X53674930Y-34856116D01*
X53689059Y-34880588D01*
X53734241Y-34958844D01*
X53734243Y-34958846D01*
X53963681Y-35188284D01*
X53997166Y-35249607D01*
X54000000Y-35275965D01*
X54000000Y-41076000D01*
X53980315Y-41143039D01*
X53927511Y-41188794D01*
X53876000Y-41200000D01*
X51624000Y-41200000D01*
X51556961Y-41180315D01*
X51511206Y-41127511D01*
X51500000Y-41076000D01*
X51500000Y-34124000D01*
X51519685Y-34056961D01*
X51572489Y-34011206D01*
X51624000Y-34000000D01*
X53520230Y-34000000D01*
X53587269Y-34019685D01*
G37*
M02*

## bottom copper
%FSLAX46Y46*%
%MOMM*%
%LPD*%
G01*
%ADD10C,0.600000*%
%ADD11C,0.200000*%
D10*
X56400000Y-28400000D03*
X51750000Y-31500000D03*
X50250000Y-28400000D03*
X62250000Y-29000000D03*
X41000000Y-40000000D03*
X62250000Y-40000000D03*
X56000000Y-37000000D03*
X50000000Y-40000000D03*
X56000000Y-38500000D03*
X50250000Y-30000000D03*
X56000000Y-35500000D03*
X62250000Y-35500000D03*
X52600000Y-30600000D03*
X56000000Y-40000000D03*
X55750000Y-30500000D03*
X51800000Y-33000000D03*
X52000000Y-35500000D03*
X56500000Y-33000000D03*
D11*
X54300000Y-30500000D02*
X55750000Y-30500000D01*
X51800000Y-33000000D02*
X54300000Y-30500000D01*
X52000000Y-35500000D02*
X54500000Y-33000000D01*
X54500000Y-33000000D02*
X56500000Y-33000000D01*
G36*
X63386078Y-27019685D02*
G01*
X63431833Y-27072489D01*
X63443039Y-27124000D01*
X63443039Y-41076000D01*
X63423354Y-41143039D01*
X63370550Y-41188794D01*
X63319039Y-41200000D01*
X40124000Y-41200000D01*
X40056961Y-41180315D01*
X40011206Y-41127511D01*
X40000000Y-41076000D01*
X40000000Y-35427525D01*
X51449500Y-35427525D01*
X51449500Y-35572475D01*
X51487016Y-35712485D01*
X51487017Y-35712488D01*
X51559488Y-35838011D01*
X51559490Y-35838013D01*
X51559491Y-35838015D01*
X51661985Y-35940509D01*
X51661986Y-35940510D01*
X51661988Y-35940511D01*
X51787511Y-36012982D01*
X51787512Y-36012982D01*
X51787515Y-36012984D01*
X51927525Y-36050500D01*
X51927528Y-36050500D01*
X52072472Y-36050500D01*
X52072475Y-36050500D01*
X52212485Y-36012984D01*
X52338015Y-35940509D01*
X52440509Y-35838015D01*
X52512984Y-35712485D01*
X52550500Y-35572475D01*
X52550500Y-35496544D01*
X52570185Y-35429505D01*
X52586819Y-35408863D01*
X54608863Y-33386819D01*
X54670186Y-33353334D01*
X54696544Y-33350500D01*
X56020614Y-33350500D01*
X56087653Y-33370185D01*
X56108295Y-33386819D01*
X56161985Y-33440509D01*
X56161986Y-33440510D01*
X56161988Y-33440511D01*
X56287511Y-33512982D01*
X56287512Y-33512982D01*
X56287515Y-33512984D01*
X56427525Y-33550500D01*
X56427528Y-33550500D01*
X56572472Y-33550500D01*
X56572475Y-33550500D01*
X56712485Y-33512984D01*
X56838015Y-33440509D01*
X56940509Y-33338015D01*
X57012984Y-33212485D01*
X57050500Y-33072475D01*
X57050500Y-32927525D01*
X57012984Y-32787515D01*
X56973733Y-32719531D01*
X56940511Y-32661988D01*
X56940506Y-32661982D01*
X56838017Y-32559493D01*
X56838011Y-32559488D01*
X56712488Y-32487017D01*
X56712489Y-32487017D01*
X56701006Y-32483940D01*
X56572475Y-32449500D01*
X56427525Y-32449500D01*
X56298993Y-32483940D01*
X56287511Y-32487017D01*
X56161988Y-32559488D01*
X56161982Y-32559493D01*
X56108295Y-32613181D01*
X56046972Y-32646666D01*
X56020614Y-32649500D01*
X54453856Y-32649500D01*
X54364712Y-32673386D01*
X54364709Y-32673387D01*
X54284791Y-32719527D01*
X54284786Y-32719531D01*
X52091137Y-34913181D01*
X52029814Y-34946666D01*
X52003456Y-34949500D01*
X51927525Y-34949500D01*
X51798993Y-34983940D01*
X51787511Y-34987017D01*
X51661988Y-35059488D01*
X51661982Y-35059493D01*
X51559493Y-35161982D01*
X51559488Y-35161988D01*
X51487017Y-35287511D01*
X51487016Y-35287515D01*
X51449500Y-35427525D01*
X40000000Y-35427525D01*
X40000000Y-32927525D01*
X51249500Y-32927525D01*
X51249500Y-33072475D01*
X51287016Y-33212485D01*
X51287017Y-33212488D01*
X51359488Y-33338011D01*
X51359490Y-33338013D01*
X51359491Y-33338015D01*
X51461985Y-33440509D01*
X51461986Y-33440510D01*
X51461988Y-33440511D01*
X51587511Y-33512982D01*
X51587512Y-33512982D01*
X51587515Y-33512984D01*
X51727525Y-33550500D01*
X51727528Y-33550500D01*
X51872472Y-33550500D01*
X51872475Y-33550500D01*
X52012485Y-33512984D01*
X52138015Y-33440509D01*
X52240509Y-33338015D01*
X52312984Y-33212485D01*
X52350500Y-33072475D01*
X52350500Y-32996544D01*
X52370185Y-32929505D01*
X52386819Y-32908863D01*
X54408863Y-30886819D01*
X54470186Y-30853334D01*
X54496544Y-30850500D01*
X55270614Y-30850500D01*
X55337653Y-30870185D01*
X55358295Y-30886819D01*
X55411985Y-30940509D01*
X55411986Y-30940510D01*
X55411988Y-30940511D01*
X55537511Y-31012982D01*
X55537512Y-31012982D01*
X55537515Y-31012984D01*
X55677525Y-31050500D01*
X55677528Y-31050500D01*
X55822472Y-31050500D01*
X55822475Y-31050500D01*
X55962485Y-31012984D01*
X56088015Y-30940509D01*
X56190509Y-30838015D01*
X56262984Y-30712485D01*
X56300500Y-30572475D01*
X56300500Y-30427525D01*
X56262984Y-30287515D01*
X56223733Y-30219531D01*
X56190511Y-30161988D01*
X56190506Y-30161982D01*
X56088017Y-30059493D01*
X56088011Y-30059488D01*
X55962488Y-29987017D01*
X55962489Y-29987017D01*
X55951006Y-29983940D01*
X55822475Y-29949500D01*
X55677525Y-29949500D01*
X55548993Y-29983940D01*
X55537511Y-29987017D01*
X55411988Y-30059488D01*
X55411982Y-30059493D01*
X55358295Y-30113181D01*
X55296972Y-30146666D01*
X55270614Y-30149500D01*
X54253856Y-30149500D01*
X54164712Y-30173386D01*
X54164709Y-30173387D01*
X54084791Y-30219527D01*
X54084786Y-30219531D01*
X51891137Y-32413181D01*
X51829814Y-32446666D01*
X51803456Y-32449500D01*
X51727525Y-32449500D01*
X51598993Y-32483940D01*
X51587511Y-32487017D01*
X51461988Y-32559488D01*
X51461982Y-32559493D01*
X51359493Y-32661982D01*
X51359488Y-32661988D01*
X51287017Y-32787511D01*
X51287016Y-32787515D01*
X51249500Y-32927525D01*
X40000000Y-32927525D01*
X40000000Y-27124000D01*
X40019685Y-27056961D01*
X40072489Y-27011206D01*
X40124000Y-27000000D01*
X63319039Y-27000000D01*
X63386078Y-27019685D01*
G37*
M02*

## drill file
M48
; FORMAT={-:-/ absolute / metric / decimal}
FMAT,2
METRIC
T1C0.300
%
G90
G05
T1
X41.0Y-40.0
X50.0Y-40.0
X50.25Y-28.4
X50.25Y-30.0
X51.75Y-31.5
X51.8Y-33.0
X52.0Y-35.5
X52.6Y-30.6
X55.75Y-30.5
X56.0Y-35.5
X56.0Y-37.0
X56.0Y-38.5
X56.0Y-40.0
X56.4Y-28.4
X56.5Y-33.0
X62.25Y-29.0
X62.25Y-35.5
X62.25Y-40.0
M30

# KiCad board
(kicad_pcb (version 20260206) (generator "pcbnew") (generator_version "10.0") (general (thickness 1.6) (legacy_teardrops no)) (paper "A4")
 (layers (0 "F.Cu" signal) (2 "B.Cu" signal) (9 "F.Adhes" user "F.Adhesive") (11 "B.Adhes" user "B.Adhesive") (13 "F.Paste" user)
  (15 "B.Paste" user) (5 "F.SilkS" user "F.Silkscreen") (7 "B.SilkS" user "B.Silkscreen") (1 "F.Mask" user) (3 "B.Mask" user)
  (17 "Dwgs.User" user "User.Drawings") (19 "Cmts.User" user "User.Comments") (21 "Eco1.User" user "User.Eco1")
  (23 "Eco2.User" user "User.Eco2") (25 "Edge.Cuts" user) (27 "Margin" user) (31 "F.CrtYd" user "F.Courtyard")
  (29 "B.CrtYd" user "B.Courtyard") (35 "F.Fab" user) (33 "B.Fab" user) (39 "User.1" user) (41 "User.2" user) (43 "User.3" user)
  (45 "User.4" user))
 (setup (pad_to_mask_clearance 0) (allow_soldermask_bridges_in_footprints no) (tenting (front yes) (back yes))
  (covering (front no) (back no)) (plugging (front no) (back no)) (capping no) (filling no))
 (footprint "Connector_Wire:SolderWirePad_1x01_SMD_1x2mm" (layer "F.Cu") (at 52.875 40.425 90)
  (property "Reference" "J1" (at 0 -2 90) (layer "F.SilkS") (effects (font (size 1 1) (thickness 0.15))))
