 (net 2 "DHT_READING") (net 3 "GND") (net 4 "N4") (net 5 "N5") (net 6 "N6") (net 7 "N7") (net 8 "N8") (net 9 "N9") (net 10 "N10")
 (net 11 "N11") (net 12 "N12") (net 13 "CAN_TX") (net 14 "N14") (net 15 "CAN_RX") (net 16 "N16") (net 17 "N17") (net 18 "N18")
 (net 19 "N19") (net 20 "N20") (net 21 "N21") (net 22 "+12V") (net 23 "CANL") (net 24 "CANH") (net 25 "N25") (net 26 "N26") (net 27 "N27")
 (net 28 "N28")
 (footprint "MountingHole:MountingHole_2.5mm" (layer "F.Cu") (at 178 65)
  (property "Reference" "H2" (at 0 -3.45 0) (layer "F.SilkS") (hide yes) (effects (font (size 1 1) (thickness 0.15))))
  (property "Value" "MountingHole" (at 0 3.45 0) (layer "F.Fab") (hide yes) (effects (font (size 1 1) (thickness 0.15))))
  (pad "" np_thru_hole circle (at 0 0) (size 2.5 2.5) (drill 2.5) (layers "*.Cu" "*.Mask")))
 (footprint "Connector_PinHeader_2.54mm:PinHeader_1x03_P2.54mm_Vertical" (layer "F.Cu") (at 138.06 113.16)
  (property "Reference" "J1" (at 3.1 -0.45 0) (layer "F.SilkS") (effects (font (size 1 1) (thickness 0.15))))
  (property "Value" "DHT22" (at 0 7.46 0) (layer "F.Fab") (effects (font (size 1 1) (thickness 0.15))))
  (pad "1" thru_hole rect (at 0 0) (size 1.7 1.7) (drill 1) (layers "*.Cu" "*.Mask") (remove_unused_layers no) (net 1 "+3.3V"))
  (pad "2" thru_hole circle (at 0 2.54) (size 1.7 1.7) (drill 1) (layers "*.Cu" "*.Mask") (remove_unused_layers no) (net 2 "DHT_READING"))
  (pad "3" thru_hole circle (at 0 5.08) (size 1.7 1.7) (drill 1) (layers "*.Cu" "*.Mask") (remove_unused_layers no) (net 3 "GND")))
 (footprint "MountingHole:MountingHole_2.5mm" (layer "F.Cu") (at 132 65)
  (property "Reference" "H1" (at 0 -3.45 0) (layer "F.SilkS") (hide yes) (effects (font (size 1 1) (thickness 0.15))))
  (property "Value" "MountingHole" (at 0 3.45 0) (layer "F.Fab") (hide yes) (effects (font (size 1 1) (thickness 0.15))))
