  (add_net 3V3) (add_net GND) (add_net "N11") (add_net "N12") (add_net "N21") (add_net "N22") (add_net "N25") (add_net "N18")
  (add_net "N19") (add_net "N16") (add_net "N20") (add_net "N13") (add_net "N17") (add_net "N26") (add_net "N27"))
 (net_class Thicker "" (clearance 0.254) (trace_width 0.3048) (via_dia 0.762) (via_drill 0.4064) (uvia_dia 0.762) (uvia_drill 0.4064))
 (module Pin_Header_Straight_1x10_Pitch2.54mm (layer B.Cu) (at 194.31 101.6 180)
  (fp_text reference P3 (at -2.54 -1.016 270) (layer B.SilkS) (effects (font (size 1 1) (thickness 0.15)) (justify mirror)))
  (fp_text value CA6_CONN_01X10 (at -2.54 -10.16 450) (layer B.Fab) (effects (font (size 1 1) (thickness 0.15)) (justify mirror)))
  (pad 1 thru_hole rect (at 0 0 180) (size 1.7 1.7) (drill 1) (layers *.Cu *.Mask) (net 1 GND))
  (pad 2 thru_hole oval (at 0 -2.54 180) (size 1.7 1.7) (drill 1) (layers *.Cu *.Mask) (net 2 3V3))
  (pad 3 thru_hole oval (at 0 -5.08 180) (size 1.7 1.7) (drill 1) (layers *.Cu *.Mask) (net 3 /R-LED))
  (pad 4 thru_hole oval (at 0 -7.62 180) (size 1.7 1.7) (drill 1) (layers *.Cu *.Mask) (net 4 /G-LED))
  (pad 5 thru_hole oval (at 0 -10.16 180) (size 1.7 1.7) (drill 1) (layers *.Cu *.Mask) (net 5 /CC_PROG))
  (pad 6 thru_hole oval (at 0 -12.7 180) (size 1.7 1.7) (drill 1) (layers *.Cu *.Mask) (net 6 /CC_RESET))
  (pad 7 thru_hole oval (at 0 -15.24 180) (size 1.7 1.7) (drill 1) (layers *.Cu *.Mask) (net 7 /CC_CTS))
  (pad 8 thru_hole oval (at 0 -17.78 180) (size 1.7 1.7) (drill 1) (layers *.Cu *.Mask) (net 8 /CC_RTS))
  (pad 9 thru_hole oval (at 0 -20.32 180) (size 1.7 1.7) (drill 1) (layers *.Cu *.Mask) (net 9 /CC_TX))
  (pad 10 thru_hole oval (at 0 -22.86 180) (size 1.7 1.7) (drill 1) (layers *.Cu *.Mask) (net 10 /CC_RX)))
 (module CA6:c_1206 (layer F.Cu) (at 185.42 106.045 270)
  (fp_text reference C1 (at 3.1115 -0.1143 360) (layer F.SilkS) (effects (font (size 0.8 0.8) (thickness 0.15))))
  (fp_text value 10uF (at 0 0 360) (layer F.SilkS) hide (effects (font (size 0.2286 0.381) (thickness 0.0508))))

☆ ☆ ☆ ☆ ☆ ☆ ☆

#### Assignment
The reply should consist solely of the lines above from the one that has "X51787512Y-36012982D01*" through the one that has "X56712485Y-33512984D01*", reproduced exactly.

#### Solution
X51787512Y-36012982D01*
X51787515Y-36012984D01*
X51927525Y-36050500D01*
X51927528Y-36050500D01*
X52072472Y-36050500D01*
X52072475Y-36050500D01*
X52212485Y-36012984D01*
X52338015Y-35940509D01*
X52440509Y-35838015D01*
X52512984Y-35712485D01*
X52550500Y-35572475D01*
X52550500Y-35496544D01*
X52570185Y-35429505D01*
X52586819Y-35408863D01*
X54608863Y-33386819D01*
X54670186Y-33353334D01*
X54696544Y-33350500D01*
X56020614Y-33350500D01*
X56087653Y-33370185D01*
X56108295Y-33386819D01*
X56161985Y-33440509D01*
X56161986Y-33440510D01*
X56161988Y-33440511D01*
X56287511Y-33512982D01*
X56287512Y-33512982D01*
X56287515Y-33512984D01*
X56427525Y-33550500D01*
X56427528Y-33550500D01*
X56572472Y-33550500D01*
X56572475Y-33550500D01*
X56712485Y-33512984D01*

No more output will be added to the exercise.